▸ DATA FOR THIS EXERCISE
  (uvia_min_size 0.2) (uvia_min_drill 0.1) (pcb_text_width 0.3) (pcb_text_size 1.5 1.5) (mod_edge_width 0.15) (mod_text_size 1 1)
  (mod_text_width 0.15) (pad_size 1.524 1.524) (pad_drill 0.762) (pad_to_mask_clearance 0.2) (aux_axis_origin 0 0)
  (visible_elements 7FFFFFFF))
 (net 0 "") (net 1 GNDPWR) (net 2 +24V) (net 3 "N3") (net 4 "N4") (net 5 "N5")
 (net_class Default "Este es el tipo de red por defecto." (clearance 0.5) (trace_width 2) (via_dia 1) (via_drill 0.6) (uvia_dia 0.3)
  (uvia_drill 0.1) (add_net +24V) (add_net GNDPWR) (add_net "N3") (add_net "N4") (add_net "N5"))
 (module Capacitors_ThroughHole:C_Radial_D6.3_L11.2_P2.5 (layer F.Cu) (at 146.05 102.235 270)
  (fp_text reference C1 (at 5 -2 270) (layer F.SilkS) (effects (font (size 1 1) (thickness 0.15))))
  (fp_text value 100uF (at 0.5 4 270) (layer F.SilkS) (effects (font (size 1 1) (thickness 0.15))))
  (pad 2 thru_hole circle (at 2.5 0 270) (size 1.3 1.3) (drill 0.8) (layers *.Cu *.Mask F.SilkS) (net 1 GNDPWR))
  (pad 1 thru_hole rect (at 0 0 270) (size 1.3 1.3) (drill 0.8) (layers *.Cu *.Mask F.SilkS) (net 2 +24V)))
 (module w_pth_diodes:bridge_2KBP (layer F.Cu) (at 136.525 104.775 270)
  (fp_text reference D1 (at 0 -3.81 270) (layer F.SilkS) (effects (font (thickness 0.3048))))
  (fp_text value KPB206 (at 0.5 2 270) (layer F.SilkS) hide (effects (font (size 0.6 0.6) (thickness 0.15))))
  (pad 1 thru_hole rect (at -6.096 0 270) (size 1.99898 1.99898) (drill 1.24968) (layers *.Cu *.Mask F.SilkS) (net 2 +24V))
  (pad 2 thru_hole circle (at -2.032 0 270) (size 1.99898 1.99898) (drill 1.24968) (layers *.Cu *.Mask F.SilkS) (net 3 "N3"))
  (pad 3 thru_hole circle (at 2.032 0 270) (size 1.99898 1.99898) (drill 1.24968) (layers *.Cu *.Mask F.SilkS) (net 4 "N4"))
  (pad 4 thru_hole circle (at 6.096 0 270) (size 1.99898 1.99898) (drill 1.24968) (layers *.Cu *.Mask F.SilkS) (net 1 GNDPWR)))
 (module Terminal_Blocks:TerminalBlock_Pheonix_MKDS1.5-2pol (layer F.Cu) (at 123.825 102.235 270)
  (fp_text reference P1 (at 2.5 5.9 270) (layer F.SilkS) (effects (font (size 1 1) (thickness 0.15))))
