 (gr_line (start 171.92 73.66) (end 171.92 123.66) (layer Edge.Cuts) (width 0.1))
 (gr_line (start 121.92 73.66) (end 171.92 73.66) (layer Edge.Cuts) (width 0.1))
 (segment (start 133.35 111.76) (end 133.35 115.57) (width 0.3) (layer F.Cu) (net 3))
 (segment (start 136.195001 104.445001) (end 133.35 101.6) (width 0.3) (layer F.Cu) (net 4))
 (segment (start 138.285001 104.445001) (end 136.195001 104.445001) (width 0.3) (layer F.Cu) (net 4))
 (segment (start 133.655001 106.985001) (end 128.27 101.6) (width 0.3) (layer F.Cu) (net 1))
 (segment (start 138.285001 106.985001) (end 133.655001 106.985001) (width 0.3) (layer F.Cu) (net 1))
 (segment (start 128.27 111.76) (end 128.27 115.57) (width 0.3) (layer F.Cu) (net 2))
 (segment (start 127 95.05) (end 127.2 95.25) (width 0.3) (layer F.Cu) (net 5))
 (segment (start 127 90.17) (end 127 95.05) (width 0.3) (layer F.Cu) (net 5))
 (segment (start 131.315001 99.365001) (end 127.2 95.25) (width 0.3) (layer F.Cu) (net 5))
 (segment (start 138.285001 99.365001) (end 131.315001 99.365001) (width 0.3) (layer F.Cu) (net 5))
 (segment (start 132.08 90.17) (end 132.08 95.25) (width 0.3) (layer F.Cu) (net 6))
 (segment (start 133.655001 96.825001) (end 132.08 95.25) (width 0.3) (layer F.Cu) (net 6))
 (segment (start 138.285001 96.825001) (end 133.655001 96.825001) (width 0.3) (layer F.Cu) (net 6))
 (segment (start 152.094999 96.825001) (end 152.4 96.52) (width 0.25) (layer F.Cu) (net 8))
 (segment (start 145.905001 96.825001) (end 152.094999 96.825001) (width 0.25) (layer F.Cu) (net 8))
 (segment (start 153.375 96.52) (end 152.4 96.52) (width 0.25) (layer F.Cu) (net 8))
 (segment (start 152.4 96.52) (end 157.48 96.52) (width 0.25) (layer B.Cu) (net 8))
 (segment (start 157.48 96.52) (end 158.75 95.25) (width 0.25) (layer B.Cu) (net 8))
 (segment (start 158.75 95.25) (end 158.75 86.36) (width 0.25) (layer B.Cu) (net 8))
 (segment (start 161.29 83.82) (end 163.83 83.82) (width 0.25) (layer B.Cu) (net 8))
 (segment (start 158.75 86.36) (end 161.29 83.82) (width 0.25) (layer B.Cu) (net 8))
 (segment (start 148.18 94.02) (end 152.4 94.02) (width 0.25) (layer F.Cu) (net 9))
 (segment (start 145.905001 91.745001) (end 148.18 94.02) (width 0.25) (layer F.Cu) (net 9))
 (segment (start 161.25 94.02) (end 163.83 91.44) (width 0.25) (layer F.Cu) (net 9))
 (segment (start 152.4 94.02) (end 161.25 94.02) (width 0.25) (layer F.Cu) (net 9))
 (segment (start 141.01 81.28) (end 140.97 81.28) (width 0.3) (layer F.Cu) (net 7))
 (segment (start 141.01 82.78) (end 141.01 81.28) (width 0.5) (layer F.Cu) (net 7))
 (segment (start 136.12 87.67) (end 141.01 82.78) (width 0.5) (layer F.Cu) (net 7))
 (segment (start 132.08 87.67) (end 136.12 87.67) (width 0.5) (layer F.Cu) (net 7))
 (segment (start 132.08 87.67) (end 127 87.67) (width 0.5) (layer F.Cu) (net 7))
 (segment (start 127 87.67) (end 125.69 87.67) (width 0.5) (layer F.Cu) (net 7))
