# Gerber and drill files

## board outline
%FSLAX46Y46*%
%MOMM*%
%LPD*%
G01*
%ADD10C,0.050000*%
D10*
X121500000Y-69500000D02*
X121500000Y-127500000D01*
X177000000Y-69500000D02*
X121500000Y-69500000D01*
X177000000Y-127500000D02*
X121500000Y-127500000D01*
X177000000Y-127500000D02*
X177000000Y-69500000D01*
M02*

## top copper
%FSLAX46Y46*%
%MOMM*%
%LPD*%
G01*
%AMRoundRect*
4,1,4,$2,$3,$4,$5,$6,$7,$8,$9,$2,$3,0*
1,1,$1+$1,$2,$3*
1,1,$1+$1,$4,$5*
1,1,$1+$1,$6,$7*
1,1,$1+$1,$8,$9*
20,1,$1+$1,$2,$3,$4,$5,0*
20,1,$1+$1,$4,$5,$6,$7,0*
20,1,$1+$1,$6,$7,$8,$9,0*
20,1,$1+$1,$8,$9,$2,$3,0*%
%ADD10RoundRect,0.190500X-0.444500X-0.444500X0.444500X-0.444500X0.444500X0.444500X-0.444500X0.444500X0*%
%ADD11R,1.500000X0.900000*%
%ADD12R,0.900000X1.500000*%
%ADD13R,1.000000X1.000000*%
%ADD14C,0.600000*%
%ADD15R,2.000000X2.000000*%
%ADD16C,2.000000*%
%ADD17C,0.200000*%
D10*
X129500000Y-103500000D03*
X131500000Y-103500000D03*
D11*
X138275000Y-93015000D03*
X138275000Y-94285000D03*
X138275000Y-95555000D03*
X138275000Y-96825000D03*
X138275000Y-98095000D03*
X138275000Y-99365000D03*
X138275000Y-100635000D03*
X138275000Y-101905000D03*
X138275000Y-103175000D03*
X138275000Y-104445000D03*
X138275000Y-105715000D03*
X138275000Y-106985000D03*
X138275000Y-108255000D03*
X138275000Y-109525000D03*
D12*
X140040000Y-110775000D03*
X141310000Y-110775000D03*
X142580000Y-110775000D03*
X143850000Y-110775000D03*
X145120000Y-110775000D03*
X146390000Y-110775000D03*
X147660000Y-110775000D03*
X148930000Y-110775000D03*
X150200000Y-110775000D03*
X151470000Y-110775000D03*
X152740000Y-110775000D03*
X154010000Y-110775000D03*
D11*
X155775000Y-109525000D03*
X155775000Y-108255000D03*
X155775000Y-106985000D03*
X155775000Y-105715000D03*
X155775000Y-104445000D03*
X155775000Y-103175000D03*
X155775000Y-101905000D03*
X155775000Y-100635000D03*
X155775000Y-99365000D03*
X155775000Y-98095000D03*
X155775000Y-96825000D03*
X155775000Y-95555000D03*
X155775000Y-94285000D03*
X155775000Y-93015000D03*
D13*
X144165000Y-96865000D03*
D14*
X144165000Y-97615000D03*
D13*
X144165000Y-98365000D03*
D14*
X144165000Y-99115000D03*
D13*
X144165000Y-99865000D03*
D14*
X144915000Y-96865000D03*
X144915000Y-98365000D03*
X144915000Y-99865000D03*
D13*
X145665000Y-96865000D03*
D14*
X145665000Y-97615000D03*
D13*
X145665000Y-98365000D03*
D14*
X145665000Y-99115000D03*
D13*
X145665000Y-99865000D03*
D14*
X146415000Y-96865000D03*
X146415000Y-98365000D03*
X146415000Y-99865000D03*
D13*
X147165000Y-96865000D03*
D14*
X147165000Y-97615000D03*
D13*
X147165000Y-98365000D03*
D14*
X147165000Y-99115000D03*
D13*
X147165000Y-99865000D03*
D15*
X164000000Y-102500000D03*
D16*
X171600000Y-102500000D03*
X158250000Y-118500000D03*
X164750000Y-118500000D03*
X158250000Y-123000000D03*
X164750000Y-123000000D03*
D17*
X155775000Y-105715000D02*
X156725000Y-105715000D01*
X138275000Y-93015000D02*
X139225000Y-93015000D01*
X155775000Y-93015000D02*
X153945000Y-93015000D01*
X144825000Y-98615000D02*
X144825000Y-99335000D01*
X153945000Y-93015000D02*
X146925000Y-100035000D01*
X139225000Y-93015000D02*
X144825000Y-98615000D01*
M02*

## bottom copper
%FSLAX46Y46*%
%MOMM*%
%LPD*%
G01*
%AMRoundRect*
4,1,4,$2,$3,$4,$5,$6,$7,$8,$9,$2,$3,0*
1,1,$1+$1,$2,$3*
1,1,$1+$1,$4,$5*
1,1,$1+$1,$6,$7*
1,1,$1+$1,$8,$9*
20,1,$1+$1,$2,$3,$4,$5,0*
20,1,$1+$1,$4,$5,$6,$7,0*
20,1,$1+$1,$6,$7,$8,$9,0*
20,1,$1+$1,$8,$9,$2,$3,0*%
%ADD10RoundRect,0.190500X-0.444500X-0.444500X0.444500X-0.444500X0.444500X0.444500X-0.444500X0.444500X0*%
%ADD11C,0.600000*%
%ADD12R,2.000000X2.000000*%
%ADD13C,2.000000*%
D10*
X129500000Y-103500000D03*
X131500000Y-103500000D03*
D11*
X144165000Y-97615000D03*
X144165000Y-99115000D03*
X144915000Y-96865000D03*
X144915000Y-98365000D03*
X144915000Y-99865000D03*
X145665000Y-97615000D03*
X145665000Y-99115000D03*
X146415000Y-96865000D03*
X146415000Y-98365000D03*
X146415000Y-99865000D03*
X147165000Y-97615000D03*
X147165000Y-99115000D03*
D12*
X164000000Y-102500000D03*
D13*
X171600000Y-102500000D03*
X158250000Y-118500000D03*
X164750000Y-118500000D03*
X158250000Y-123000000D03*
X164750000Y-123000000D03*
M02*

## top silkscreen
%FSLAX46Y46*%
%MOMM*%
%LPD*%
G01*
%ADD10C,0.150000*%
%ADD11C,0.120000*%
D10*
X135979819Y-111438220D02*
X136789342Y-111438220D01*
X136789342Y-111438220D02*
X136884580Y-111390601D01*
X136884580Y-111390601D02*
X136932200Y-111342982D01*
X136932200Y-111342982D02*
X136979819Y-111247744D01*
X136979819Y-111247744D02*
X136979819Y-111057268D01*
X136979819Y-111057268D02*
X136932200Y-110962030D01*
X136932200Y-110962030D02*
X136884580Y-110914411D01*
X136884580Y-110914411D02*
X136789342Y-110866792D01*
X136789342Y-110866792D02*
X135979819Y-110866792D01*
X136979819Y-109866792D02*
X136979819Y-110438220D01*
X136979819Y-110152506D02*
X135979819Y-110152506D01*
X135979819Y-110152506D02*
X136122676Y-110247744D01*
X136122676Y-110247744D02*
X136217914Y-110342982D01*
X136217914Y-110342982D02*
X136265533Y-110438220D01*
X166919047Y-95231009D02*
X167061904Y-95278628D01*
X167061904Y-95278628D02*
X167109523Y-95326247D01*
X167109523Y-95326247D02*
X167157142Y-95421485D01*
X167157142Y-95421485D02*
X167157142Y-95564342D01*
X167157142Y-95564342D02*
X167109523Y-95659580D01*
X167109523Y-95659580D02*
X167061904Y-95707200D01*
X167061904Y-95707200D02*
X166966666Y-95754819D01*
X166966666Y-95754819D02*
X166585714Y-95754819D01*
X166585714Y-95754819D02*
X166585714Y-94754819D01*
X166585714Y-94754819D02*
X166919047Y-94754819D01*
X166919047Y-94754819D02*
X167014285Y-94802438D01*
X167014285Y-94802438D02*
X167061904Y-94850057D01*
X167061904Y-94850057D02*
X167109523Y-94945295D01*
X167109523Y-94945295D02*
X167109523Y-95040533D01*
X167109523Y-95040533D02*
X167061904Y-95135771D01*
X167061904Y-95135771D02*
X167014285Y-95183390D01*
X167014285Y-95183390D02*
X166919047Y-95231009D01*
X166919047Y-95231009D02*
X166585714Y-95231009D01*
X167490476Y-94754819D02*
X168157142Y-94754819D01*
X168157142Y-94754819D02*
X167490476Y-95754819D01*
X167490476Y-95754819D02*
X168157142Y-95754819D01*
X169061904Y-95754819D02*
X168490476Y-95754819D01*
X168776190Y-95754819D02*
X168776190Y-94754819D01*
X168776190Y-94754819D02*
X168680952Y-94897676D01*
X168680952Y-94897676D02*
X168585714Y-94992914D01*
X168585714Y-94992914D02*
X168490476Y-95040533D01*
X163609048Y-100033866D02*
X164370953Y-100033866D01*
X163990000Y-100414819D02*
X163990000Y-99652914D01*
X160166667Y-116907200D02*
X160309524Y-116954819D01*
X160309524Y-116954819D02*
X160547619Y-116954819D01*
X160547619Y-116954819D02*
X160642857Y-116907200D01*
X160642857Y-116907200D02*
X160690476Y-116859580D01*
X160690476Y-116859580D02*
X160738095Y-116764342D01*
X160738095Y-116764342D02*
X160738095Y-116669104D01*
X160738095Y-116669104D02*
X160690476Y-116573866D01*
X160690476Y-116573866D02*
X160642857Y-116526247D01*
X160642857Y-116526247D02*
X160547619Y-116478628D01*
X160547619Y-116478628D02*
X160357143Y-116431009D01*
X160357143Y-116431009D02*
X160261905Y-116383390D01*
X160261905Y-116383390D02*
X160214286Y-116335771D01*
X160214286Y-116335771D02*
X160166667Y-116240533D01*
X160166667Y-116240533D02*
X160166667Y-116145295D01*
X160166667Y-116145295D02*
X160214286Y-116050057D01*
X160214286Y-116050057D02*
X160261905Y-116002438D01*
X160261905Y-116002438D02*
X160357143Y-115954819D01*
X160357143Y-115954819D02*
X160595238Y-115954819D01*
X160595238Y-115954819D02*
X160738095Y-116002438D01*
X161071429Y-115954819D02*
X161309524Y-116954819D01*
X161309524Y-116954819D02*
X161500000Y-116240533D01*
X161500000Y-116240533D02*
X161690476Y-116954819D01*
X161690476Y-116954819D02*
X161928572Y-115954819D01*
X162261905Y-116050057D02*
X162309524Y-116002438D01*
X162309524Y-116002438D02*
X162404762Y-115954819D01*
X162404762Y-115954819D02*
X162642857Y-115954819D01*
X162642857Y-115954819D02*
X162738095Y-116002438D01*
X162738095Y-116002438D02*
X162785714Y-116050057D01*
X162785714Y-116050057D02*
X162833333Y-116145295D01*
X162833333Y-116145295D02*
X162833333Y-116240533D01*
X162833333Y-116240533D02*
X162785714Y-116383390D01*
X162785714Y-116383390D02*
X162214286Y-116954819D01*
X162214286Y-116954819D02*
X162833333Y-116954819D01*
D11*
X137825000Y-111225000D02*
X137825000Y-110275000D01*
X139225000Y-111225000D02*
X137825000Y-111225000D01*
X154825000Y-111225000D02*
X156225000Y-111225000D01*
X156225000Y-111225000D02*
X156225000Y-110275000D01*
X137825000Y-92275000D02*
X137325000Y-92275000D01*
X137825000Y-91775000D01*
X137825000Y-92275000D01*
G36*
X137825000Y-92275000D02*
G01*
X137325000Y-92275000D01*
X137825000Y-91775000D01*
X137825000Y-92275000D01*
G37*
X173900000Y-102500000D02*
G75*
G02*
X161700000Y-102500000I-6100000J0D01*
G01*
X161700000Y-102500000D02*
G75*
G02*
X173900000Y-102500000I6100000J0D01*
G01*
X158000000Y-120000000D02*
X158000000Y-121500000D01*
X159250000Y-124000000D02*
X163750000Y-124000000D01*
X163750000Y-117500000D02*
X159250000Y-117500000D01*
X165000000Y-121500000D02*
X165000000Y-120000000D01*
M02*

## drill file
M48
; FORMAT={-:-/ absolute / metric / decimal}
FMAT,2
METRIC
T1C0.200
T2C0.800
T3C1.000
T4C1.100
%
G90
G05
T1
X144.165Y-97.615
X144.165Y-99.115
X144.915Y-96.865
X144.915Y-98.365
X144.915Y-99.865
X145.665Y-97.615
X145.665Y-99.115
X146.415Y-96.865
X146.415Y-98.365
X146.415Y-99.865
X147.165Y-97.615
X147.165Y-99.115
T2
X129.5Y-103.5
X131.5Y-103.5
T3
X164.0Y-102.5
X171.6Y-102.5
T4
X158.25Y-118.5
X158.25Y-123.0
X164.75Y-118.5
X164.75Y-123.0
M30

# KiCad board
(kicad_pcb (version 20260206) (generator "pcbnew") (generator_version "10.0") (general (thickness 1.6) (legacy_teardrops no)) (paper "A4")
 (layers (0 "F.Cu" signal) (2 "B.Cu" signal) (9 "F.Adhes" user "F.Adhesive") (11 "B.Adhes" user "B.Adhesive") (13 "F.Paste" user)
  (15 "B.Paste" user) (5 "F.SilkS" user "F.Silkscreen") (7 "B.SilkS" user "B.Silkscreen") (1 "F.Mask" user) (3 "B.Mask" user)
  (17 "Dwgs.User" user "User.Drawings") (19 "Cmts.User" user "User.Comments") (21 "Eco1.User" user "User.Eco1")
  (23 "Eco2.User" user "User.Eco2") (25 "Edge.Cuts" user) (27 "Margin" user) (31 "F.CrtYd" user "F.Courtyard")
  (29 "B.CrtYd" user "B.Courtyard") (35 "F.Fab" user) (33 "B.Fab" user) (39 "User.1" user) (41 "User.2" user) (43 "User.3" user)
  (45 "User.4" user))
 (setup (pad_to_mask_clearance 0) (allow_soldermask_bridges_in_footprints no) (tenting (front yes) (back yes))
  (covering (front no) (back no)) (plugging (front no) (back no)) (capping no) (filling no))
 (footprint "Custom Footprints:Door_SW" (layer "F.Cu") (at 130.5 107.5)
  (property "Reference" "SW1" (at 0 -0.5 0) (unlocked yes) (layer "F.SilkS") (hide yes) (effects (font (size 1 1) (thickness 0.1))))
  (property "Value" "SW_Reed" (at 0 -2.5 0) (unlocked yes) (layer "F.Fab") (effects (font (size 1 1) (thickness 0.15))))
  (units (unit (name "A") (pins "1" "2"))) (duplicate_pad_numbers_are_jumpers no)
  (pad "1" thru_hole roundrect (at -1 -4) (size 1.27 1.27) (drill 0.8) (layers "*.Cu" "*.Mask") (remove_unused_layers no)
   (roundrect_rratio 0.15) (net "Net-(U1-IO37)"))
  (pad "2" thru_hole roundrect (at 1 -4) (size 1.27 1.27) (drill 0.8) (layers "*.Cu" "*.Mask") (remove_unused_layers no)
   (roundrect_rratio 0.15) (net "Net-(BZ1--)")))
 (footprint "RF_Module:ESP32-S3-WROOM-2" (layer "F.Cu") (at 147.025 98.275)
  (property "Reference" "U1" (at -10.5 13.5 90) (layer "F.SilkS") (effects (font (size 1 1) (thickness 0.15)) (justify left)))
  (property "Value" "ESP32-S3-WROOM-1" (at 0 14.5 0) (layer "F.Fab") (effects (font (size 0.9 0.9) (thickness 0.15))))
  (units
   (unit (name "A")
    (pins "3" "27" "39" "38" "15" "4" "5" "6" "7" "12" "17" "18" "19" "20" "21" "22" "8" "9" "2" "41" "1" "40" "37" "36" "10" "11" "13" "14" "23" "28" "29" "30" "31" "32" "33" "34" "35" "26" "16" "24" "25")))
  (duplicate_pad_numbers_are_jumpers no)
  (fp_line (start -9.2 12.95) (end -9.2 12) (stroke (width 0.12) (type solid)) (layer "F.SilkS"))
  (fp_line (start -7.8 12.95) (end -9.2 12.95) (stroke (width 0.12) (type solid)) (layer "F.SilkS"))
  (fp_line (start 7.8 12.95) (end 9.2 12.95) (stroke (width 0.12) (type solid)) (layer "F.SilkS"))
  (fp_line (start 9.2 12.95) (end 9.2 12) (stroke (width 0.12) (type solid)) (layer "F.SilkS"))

▸ WHAT NEEDS TO BE DONE
From the line holding "X161309524Y-116954819D02*" to the line holding "X162214286Y-116954819D01*", inclusive, restate each line above exactly as written.

▸ REPLY
X161309524Y-116954819D02*
X161500000Y-116240533D01*
X161500000Y-116240533D02*
X161690476Y-116954819D01*
X161690476Y-116954819D02*
X161928572Y-115954819D01*
X162261905Y-116050057D02*
X162309524Y-116002438D01*
X162309524Y-116002438D02*
X162404762Y-115954819D01*
X162404762Y-115954819D02*
X162642857Y-115954819D01*
X162642857Y-115954819D02*
X162738095Y-116002438D01*
X162738095Y-116002438D02*
X162785714Y-116050057D01*
X162785714Y-116050057D02*
X162833333Y-116145295D01*
X162833333Y-116145295D02*
X162833333Y-116240533D01*
X162833333Y-116240533D02*
X162785714Y-116383390D01*
X162785714Y-116383390D02*
X162214286Y-116954819D01*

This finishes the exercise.